25 pts 18 rbds 4 asts and 1 blk

Ben TO


----------



## ChiBron

Noce shows how its done to Kirk and TC.

WHAT AN UNBELIEVEABLE GAME BY HIM!!


----------



## TomBoerwinkle#1

Love it!


----------



## Future

BULLS WIN!!! WOW!! WE ARE UP 1-0!! wow!!!


----------



## lister333

bullssssssssssssssssssssssss win!!!!!!!!!!!!!!!!!!!!!!!!!!!!!!!!!!!!!


----------



## El Chapu

Bulls!!!!

:clap: 

Noc!!!

:clap: 

Told ya this guy was going to step it up big time!!!

:biggrin:


----------



## SecretAgentGuy

It's obvious none of these guys have post season experience. They're shaking hands with the opposition! You don't do that till the series is over!


----------



## futuristxen

Take THAT mainstream basketball media.

What's that? Who is this Nocioni guy?
Check the medal stand for the olympics last year *****es.

Bulls are BACK!


----------



## bullet

first playoffs Win in 7 years!

Feels great


----------



## LegoHat

Bulls win!!!

Defense rules!!!


----------



## Geoshnas2005

jnrjr79 said:


> Uncalled for.



The guy asked me what they were chanting, thats what they were chanting when KB was on the floor!


----------



## DaBullz

HKF said:


> I love Ben Gordon (and Chris Duhon). Man those guys stepping up large.


Ben who? Du who?


----------



## italianBBlover

Nocioni 25 points, 18 rebounds, 4 assist and 1 block :rock: :twave: :wlift: :makeadeal


----------



## TwinkieTowers

I hope TNT keeps Marv Albert for the rest of the Bulls series. I want to hear him say "Oh! A spectacular move! By Ben Gordon!"


----------



## jnrjr79

Sideliner interviewer w/Gordon:

"What does it say about this team to have two rookies lead them to the victory?"

Gordon:

"Those two rookies are pretty damn good."


----------



## TomBoerwinkle#1

"those two rookies (Ben and Noc) are pretty damn good."
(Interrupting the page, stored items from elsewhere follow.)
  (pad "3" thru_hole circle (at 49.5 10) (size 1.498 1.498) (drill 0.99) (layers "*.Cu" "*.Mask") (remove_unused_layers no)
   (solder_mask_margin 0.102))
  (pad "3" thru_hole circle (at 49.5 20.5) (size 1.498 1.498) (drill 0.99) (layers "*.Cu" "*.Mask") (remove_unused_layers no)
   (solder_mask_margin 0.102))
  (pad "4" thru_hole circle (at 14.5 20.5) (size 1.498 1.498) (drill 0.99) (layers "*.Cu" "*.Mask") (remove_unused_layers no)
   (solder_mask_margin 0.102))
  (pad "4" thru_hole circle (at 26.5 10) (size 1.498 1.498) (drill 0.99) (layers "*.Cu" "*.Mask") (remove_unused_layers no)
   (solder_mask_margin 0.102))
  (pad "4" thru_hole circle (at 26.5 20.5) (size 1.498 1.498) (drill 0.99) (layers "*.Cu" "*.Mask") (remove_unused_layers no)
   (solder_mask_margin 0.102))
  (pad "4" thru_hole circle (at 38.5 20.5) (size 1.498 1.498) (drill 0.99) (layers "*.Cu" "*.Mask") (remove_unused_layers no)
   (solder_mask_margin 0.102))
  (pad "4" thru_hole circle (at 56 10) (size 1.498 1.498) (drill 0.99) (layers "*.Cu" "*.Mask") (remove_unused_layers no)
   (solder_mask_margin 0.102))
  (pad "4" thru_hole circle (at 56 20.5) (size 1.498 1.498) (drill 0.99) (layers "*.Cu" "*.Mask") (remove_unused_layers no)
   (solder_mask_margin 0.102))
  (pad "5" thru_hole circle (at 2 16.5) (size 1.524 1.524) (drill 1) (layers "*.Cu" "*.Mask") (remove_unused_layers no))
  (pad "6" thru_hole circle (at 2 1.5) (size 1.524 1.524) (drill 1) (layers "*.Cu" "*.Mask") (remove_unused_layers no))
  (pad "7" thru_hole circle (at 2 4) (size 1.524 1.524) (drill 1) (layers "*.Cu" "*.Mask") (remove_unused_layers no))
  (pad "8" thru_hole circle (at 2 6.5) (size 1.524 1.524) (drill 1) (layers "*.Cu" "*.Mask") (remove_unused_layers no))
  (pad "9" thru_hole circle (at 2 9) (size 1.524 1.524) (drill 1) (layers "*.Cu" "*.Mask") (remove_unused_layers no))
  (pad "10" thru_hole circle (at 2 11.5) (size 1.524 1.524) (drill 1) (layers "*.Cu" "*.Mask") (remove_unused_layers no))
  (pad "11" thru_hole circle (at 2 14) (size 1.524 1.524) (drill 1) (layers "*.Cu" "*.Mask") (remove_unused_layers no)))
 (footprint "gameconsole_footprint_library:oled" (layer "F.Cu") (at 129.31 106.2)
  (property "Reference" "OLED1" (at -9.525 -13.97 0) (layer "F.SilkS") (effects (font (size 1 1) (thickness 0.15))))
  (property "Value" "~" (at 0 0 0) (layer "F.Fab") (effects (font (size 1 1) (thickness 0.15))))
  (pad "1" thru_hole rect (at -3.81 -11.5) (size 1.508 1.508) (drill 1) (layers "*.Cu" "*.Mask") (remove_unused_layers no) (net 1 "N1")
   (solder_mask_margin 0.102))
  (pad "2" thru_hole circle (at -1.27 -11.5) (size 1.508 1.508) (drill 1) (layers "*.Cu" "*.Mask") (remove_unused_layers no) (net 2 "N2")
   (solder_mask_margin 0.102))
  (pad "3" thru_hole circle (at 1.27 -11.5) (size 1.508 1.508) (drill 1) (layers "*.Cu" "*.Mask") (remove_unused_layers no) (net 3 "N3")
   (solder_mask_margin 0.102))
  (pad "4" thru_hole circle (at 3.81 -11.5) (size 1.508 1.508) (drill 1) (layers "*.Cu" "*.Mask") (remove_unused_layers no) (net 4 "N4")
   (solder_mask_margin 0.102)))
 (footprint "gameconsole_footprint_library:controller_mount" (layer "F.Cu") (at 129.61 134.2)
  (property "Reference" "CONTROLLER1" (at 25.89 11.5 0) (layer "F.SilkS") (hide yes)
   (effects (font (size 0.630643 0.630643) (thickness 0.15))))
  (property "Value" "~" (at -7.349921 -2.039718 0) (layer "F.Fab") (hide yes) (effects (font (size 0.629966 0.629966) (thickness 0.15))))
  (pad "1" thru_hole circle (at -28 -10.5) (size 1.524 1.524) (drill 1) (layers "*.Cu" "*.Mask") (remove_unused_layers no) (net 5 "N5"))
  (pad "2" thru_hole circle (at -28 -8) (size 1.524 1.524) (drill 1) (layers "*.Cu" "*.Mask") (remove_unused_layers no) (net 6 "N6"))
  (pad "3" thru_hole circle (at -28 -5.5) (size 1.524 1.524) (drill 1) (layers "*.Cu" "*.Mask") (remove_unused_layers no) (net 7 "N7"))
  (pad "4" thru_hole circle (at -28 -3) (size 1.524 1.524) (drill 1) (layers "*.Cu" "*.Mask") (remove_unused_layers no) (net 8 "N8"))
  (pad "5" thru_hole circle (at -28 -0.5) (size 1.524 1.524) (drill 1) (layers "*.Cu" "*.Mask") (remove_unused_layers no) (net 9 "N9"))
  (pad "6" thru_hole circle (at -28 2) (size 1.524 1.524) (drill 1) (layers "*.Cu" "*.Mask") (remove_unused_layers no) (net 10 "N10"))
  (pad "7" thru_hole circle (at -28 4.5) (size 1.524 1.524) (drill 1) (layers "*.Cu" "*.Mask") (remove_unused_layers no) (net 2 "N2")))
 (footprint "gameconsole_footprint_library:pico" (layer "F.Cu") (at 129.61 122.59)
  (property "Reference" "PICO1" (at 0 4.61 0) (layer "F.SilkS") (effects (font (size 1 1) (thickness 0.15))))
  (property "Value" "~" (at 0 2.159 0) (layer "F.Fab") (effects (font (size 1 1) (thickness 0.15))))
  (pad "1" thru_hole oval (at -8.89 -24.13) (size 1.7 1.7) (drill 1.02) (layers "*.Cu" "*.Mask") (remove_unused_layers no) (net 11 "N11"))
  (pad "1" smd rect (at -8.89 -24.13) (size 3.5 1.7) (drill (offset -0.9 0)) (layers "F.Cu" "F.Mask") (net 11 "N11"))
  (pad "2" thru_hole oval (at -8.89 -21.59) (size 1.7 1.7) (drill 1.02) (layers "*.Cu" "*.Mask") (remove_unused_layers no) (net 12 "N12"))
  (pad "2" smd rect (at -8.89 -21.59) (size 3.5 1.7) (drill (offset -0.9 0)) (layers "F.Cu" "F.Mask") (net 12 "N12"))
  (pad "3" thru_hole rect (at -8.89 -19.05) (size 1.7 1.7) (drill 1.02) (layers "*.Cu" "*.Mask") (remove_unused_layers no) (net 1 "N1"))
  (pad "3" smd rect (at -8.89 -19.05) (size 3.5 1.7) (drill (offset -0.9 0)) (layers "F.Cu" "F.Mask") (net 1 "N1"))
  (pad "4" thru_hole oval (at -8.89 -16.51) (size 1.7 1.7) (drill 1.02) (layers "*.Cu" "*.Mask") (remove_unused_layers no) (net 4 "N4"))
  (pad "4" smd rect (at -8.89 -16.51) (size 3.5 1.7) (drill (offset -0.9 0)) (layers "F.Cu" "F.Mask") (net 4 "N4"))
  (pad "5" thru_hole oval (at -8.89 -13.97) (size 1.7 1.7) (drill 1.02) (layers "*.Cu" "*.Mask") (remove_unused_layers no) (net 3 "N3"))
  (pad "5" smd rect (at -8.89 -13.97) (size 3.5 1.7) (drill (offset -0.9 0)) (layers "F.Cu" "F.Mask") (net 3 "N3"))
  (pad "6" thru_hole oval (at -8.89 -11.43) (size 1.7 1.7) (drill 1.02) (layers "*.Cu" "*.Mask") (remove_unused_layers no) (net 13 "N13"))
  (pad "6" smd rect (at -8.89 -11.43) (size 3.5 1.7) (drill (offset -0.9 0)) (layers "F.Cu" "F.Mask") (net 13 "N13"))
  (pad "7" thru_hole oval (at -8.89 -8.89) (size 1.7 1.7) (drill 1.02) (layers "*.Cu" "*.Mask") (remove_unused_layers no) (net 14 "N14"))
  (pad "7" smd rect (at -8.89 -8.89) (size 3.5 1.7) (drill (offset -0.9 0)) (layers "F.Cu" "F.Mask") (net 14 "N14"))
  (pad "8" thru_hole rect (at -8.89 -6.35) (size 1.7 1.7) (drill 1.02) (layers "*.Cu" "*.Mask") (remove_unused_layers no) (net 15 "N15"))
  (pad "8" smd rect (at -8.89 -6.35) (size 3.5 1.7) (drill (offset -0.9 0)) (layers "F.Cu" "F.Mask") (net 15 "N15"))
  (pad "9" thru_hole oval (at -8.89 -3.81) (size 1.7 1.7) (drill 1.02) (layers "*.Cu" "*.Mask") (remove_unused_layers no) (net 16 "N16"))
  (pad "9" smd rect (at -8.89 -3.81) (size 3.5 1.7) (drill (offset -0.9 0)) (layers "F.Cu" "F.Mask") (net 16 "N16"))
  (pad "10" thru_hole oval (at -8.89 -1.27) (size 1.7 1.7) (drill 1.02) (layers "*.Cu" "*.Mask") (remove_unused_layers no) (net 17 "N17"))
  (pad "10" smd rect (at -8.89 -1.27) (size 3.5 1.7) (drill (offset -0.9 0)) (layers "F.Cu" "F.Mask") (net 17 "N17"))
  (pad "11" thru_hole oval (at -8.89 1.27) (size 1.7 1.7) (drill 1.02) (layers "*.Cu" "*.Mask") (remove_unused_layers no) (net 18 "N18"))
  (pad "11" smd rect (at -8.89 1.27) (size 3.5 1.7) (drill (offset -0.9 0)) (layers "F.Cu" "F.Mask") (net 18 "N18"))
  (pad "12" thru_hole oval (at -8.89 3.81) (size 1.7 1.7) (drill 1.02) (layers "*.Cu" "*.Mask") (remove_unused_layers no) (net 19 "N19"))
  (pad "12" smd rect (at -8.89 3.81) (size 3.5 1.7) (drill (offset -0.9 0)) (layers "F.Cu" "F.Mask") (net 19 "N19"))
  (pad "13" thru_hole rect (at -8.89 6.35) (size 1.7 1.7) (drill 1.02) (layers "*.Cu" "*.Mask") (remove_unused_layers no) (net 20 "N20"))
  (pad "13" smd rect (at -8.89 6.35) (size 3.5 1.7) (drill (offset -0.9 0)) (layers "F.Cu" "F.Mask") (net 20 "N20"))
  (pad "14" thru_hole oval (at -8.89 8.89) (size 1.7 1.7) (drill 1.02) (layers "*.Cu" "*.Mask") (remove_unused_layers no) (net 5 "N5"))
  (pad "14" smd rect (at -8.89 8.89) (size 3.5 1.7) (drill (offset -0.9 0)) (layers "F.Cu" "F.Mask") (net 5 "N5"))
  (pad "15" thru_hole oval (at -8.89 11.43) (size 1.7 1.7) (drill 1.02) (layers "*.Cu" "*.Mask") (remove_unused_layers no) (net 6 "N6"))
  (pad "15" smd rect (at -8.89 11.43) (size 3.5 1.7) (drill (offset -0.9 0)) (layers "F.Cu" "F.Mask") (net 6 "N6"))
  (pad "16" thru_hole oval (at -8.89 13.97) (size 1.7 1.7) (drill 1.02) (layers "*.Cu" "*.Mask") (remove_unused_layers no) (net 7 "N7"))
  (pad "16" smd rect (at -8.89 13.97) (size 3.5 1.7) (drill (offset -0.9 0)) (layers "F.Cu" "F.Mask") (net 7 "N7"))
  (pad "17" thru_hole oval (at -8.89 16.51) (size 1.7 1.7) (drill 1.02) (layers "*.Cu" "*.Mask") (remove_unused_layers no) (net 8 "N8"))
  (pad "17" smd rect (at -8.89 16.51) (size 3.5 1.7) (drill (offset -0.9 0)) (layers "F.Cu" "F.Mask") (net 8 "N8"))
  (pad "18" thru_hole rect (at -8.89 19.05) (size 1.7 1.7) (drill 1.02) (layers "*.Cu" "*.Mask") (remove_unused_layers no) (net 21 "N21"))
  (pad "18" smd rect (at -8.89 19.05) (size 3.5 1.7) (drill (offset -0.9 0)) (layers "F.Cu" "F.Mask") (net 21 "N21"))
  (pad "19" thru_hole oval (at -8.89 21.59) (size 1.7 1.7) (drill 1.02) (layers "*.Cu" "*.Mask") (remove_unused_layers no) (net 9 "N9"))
-- Ben Gordon on the fact that 2 Rooks led the way


----------



## GB

Oh yeah baby!!!! :banana: :banana: :banana: :banana: :banana: 

:biggrin: :biggrin: :biggrin: :biggrin:


----------



## LuolDeng

Wow, Noc was a ****ing monster tonight


----------



## greekbullsfan

i;m horny!!!!!!!!!!!!!!!!!!!!!!!!!!!!! i'm horny!!!!!!!!!!!!!!!!!!!!!!!!!!!!!!! :banana: :banana: :banana: :banana: :banana: :banana:


----------



## jnrjr79

Geoshnas2005 said:


> The guy asked me what they were chanting, thats what they were chanting when KB was on the floor!



My impression was they were chanting "Nocioni."


----------



## Vintage

WE WON!!!!!!!!!!!!!!!!!!!!!!!


LETS GO BULL!!!!!!!!!!!!!!!!!!!!!

WOOOOOOOOOOOOHOOOOOOOOOOOOOOOO!!!!!!!!!!!!!!!!!!!



BEER!!!!!!!!!!!!!!!!!!!!!!!!!!!!!!!!!!!! 


I <3 Gordon.
I <3 Nocioni.


WOOOOOOOOOOOOOOOOHOOOOOOOOOOOOOOOOOO!

PS- Wynn sucks.


----------



## lister333

this goes out to Curry and Deng!!!! what a heart this team has!!!


----------



## JRose5

Game 1, Bulls!


Gordon with 30 points.
Nocioni with 25, 18, 4. Wow..


----------



## El Chapu

What a game!!!!

Im going to out to have some Pizza, by the time I come back I expect to have some new members in the Noc Club!! :biggrin: 

1-0.

3 to go!

:cheers:


----------



## chifaninca

Unbelieveable!

Nocioni and 3 other rookies play huge minutes and we win.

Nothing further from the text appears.